A non-profit initiative led by Cohere For AI is developing a large language model (LLM) called Aya that can converse in over 100 different languages. This ambitious project aims to address the current language bias in AI, which heavily favors English and underrepresents many of the world's languages.
The English bias in AI technology
Modern AI chatbots, powered by large language models (LLMs) like OpenAI's GPT-4, display a considerable bias towards English. LLMs are not as proficient in other languages, especially underrepresented ones like Malagasy. The issue stems from the fact that LLMs are typically trained on internet data, 64% of which is in English. Consequently, other languages, particularly those from countries with lower internet use, are neglected. This problem is amplified for languages like Malagasy, which are hardly considered in any language model training, leading to a technology gap.
To address this language bias in AI, Cohere For AI, a non-profit research lab, has embarked on a project to develop Aya, a new LLM capable of conversing in 101 languages. Unlike existing AI models, Aya intends to provide equal proficiency across languages, including those often overlooked, such as Somali, Yoruba, Malay, Telugu, and Vietnamese. By doing so, Aya is leveling the playing field, ensuring that technology is more inclusive and accessible to non-English speakers around the world.

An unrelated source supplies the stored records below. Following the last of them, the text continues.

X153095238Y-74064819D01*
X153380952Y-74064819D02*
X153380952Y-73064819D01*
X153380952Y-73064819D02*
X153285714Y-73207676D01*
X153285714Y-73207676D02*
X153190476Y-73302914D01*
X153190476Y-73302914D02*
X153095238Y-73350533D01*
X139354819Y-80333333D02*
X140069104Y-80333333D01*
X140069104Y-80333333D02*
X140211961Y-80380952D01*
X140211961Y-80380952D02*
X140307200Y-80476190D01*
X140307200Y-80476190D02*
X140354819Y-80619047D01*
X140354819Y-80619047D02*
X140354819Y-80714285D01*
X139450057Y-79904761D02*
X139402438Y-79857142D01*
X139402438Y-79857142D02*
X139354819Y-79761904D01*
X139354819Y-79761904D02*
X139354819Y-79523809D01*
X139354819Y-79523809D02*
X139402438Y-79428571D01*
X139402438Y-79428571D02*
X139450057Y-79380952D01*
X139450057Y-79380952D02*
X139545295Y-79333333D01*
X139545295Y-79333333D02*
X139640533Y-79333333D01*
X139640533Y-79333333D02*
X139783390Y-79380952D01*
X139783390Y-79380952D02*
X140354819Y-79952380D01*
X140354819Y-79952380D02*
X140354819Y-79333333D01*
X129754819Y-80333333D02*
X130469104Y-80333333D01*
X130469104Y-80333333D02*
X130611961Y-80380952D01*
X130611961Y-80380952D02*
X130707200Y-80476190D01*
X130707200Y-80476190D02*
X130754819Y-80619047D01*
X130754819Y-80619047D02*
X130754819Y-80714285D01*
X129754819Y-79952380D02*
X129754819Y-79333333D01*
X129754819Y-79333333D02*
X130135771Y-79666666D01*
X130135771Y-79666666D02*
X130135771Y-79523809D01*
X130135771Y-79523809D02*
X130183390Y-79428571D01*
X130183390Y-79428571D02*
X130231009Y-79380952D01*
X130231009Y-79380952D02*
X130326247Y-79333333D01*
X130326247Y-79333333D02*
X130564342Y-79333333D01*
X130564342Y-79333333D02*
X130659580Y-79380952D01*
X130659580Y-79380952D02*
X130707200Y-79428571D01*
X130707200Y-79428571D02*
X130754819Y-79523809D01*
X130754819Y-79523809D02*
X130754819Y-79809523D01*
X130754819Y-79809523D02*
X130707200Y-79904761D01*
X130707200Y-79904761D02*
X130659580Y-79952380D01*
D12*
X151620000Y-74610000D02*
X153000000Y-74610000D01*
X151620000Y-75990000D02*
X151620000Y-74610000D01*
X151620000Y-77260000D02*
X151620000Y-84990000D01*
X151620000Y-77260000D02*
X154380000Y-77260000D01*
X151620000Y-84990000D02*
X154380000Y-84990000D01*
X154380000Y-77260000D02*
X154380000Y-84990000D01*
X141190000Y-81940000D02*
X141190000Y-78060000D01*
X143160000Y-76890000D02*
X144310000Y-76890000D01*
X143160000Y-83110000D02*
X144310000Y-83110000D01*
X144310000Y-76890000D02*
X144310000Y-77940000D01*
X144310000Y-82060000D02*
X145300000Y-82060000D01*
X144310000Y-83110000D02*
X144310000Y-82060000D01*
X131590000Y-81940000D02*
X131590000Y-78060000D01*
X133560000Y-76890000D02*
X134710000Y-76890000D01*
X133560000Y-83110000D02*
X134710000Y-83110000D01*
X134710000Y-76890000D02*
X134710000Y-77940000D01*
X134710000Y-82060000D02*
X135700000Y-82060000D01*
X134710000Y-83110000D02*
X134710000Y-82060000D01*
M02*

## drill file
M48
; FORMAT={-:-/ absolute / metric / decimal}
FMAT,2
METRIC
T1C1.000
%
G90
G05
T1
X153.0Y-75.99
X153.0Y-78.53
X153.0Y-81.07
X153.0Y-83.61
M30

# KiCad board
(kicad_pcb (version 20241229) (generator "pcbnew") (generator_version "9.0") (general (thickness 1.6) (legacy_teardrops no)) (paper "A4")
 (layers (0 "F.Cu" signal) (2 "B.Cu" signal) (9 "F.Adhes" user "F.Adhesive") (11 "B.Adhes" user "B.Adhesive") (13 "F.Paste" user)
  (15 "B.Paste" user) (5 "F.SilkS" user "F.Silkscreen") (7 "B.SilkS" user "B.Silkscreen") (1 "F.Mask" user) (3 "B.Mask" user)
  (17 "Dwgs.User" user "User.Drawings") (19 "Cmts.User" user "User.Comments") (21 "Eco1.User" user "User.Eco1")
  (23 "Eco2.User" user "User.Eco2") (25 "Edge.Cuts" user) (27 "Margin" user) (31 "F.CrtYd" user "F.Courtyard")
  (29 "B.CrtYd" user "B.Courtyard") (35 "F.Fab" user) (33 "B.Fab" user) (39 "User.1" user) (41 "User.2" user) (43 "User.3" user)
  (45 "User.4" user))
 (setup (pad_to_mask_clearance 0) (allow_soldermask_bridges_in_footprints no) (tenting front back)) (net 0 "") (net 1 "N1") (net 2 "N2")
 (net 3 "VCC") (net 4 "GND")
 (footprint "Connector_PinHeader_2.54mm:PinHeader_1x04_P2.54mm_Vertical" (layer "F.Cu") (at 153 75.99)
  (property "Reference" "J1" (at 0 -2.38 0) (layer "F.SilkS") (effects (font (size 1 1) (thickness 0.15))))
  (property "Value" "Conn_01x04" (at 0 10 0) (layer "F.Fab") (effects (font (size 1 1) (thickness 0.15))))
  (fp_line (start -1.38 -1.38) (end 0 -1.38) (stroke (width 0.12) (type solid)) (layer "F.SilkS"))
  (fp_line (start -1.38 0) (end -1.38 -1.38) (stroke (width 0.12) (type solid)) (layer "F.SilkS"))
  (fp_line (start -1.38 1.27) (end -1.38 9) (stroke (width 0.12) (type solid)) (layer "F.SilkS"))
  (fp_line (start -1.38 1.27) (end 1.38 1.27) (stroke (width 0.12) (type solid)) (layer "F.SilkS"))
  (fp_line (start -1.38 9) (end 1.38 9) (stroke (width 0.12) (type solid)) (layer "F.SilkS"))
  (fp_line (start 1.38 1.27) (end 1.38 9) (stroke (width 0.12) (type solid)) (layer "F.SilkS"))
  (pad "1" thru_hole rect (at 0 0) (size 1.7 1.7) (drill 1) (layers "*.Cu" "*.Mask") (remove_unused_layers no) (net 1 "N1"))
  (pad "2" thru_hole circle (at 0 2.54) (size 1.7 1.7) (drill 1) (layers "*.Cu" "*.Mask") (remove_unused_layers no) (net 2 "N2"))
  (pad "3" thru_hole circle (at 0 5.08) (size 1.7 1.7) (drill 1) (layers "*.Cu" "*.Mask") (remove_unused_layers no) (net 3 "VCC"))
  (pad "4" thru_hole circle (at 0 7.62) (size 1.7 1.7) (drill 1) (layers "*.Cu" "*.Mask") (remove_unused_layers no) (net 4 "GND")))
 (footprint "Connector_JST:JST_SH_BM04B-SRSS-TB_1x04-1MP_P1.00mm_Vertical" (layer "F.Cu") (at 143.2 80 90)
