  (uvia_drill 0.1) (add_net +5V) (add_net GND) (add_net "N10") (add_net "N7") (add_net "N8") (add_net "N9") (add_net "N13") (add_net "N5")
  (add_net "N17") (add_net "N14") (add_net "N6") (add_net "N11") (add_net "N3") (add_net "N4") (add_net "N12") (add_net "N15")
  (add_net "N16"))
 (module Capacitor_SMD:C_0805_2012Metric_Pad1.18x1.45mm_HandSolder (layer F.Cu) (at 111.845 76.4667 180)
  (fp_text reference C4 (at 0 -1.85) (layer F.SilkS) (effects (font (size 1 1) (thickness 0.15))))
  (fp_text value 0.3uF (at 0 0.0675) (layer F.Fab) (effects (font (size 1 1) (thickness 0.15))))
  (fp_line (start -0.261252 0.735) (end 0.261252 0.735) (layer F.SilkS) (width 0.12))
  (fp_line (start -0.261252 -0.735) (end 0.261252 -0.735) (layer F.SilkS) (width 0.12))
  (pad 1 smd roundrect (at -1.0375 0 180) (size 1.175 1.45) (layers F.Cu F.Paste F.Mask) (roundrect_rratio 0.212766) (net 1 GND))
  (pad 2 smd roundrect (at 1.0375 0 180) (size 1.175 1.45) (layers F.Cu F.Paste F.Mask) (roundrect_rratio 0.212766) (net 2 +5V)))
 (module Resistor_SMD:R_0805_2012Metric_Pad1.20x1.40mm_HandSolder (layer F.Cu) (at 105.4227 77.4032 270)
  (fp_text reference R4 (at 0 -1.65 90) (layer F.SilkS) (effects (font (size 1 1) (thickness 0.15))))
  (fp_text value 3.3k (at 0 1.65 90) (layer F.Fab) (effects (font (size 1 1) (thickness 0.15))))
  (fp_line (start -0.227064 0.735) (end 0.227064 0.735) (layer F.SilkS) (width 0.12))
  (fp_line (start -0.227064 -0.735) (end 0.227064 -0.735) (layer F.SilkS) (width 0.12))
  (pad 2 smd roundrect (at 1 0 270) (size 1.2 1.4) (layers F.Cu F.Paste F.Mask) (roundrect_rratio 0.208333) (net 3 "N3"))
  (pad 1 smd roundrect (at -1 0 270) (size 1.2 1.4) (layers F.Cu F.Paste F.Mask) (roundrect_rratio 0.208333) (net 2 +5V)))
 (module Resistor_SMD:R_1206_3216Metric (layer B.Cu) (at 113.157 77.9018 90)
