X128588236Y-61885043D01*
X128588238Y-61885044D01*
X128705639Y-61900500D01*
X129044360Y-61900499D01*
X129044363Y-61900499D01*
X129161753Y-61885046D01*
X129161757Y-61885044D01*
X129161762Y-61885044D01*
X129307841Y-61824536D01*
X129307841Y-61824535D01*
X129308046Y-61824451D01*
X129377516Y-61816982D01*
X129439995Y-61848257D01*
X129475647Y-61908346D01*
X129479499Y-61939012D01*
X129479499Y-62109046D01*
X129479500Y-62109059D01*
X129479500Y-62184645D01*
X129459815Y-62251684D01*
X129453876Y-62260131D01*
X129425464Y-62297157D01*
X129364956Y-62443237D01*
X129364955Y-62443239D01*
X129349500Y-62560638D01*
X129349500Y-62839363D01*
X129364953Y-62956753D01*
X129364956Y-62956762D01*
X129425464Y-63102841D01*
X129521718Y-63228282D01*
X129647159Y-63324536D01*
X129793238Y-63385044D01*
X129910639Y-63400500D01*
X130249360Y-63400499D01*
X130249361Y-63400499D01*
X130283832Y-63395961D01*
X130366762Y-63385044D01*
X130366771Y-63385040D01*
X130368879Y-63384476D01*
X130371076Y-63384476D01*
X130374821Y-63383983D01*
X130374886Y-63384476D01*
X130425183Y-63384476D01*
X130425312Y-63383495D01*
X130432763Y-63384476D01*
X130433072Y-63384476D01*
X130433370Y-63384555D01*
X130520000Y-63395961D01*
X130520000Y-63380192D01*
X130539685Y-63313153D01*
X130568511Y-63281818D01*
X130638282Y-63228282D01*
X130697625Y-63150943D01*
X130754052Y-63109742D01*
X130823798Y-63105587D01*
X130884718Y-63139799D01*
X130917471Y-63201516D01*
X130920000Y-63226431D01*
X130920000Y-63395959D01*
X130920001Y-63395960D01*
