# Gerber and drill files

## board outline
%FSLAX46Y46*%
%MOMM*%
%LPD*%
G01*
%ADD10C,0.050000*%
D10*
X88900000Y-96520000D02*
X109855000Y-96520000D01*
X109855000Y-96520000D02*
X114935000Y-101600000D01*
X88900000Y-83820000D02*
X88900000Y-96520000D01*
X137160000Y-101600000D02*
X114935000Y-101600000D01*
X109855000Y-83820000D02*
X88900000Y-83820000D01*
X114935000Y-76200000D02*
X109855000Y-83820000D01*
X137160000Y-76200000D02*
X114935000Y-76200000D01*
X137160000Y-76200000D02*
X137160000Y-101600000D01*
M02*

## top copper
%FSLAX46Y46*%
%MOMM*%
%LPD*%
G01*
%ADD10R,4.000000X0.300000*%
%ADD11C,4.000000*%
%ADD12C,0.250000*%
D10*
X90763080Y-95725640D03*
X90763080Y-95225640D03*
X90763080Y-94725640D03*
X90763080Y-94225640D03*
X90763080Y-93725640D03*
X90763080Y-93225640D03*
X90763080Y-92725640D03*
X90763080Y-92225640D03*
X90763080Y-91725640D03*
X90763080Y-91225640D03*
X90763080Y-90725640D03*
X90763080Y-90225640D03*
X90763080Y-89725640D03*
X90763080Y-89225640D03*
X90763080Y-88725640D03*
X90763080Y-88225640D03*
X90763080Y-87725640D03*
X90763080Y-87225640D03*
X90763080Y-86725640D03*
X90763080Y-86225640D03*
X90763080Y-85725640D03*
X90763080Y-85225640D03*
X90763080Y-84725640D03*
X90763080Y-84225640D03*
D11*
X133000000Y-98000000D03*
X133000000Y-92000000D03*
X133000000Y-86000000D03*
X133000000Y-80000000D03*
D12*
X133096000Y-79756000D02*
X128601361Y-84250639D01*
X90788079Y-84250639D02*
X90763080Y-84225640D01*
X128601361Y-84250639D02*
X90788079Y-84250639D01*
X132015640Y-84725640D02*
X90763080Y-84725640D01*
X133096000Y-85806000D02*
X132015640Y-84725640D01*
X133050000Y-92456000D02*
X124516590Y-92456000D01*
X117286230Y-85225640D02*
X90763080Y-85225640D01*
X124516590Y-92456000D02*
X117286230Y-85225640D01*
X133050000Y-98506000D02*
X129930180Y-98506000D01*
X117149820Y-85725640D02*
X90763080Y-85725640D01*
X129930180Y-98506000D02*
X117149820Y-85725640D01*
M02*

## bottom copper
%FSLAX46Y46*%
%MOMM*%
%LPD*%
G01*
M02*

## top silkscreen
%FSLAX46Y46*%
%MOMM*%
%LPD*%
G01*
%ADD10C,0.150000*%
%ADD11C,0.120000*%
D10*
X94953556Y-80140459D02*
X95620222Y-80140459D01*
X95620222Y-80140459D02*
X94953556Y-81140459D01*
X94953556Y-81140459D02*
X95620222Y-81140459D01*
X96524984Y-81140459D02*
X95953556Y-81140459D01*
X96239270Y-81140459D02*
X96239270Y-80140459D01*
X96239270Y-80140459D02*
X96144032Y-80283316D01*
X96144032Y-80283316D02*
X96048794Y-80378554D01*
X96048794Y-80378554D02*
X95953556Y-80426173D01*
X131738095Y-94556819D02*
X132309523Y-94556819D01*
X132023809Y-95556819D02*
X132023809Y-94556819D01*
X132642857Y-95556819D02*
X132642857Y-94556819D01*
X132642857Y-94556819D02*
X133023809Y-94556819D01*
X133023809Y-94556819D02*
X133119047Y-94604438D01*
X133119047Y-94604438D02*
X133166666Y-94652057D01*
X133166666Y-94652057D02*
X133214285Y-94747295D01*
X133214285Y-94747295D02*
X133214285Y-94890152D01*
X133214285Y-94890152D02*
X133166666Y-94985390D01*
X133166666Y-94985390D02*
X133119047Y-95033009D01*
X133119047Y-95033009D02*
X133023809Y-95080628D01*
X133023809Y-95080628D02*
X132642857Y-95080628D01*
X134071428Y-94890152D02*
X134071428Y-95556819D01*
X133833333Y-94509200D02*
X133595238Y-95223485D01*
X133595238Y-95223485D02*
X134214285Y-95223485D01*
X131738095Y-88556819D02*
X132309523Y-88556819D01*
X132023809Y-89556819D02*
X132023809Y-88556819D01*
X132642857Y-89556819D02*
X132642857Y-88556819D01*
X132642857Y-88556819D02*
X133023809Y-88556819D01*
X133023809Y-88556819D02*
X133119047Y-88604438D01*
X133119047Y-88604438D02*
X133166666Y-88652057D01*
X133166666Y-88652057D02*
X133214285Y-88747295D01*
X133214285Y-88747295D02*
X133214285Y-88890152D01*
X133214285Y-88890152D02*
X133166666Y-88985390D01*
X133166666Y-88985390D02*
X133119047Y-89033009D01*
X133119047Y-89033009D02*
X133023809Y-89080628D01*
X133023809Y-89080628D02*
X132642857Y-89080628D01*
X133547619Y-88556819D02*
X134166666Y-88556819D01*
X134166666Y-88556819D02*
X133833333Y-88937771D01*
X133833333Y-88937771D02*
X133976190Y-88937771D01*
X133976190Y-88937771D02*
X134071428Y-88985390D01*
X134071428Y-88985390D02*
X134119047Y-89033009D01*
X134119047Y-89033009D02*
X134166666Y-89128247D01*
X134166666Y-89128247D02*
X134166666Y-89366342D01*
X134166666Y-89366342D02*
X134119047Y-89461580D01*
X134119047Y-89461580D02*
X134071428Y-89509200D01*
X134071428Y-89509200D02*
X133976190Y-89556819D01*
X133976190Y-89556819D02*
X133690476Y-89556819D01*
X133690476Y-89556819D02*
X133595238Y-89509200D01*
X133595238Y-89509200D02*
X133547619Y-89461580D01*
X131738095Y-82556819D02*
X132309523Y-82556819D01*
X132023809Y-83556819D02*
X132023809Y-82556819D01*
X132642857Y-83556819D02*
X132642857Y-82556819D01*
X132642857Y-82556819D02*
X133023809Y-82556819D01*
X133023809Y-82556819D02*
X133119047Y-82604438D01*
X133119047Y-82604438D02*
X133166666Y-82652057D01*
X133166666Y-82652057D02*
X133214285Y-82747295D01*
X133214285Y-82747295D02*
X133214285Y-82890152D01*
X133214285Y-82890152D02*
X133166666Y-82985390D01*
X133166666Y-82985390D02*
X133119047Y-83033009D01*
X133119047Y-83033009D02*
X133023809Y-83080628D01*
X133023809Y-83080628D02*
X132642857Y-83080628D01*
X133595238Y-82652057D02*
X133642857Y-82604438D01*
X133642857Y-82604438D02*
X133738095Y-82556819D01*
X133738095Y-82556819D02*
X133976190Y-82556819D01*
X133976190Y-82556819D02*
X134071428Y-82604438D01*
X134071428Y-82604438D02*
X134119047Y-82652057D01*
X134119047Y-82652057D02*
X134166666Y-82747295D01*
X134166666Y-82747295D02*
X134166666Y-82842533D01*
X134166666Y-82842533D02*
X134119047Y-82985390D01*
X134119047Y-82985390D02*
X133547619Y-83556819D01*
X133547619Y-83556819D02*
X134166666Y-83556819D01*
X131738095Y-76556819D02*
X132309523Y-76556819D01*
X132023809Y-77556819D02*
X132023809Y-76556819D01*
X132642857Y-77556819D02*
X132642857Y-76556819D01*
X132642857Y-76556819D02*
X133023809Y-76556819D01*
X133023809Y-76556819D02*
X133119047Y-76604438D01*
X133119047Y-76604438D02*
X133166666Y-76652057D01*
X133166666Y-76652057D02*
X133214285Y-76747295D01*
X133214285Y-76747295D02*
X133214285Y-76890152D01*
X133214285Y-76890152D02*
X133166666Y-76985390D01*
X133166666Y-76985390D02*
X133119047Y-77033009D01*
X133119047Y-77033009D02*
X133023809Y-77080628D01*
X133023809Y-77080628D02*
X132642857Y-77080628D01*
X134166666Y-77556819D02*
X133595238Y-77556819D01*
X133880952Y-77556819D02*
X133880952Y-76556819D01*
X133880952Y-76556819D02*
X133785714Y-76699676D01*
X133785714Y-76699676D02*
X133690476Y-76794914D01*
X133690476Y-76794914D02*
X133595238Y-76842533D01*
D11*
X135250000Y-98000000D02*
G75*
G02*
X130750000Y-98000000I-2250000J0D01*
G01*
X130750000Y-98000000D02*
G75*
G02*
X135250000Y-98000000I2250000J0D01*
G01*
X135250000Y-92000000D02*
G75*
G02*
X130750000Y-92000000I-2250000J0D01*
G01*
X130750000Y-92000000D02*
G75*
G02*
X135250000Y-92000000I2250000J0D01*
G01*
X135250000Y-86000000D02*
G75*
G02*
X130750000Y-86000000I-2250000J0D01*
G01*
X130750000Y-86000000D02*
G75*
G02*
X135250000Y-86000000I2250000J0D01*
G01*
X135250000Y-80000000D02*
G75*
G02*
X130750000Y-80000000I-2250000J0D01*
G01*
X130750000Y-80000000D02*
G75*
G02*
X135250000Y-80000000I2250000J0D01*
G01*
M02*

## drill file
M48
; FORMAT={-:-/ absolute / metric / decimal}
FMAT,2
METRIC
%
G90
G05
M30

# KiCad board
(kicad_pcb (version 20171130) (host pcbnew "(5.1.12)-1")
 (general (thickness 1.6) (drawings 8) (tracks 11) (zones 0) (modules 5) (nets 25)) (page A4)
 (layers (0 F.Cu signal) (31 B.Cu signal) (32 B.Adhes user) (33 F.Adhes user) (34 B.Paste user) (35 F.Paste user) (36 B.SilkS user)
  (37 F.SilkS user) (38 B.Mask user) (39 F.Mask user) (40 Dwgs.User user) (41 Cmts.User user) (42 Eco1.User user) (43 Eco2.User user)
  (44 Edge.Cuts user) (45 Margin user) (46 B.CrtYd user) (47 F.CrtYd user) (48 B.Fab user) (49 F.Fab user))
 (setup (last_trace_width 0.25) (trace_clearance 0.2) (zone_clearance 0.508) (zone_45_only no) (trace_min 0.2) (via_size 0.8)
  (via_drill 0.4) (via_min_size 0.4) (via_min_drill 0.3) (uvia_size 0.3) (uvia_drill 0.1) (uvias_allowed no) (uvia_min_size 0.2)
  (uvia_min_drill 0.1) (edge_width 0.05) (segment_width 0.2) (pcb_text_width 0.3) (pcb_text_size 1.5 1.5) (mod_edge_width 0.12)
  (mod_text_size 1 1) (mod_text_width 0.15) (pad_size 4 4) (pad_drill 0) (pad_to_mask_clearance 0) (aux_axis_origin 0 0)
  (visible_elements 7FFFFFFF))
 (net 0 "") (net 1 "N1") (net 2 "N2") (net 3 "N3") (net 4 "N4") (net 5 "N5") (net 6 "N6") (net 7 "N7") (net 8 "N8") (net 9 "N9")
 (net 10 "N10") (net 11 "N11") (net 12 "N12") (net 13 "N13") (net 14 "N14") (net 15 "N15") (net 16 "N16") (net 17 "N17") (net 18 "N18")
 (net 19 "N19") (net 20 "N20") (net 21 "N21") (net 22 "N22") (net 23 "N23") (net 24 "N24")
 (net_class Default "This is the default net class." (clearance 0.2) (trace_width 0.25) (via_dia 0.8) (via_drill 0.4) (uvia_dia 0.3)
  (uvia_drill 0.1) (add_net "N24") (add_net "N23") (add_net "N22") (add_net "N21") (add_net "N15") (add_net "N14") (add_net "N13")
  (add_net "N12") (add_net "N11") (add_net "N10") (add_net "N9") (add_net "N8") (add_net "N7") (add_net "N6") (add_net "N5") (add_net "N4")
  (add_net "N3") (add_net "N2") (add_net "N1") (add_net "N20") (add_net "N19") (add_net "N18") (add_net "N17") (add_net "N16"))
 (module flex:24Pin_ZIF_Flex (layer F.Cu) (at 95.76308 83.22564) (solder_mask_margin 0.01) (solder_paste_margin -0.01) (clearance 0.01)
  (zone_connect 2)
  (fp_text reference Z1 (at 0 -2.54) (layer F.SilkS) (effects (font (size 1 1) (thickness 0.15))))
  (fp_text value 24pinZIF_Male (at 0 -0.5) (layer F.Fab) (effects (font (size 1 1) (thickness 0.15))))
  (pad 24 connect rect (at -5 12.5) (size 4 0.3) (layers F.Cu F.Mask) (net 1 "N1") (zone_connect 2))
  (pad 23 connect rect (at -5 12) (size 4 0.3) (layers F.Cu F.Mask) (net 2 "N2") (zone_connect 2))
  (pad 22 connect rect (at -5 11.5) (size 4 0.3) (layers F.Cu F.Mask) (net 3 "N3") (zone_connect 2))
  (pad 21 connect rect (at -5 11) (size 4 0.3) (layers F.Cu F.Mask) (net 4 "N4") (zone_connect 2))
  (pad 20 connect rect (at -5 10.5) (size 4 0.3) (layers F.Cu F.Mask) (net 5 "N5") (zone_connect 2))
  (pad 19 connect rect (at -5 10) (size 4 0.3) (layers F.Cu F.Mask) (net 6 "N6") (zone_connect 2))
  (pad 18 connect rect (at -5 9.5) (size 4 0.3) (layers F.Cu F.Mask) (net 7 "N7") (zone_connect 2))
  (pad 17 connect rect (at -5 9) (size 4 0.3) (layers F.Cu F.Mask) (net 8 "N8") (zone_connect 2))
  (pad 16 connect rect (at -5 8.5) (size 4 0.3) (layers F.Cu F.Mask) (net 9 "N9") (zone_connect 2))
  (pad 15 connect rect (at -5 8) (size 4 0.3) (layers F.Cu F.Mask) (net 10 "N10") (zone_connect 2))
  (pad 14 connect rect (at -5 7.5) (size 4 0.3) (layers F.Cu F.Mask) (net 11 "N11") (zone_connect 2))
  (pad 13 connect rect (at -5 7) (size 4 0.3) (layers F.Cu F.Mask) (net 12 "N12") (zone_connect 2))
  (pad 12 connect rect (at -5 6.5) (size 4 0.3) (layers F.Cu F.Mask) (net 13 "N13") (zone_connect 2))
  (pad 11 connect rect (at -5 6) (size 4 0.3) (layers F.Cu F.Mask) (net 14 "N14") (zone_connect 2))
  (pad 10 connect rect (at -5 5.5) (size 4 0.3) (layers F.Cu F.Mask) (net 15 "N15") (zone_connect 2))
  (pad 9 connect rect (at -5 5) (size 4 0.3) (layers F.Cu F.Mask) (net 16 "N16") (zone_connect 2))
  (pad 8 connect rect (at -5 4.5) (size 4 0.3) (layers F.Cu F.Mask) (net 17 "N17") (zone_connect 2))
  (pad 7 connect rect (at -5 4) (size 4 0.3) (layers F.Cu F.Mask) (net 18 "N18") (zone_connect 2))
  (pad 6 connect rect (at -5 3.5) (size 4 0.3) (layers F.Cu F.Mask) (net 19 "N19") (zone_connect 2))
  (pad 5 connect rect (at -5 3) (size 4 0.3) (layers F.Cu F.Mask) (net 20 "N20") (zone_connect 2))
  (pad 4 connect rect (at -5 2.5) (size 4 0.3) (layers F.Cu F.Mask) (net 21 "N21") (zone_connect 2))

The Aya project stands out not just for its ambitious goals, but also for its collaborative and open-source approach. Rather than being developed by a centralized private entity, Aya is a collective effort involving more than a thousand individuals, including independent researchers and computer-science students. Encouraging open-source research and collaboration, it embodies a shared vision of making AI more inclusive and representative of global languages.
Volunteers: The backbone of Aya's multilingual capabilities
The development of Aya is not just a technological challenge, but also a linguistic one. To be proficient in various languages, Aya requires thousands of text examples for learning. Volunteers play a critical role in improving existing multilingual datasets, checking for coherence and grammar, and providing new examples. Each language's nuances and colloquialisms are noted and considered, ensuring that Aya is not just multilingual, but also culturally sensitive and accurate.
Language bias and safety risks in AI
The underrepresentation of certain languages in AI not only restricts access to technology for non-English speakers but also poses potential safety risks. According to a study from Brown University, safety measures that prevent AI chatbots from providing harmful information can be easily bypassed if the request is first translated into a low-resource language. This vulnerability highlights the urgent need for more comprehensive and inclusive language models in AI.
Aya: A catalyst for change in the AI industry
By addressing the language bias in AI, the Aya project also hopes to spark broader change within the industry and governments. The aim is to encourage enhanced language representation and support for open-source development in AI. The success of such an endeavor could facilitate more inclusive technological advancements, ensuring that the benefits of AI are shared more equitably across the globe.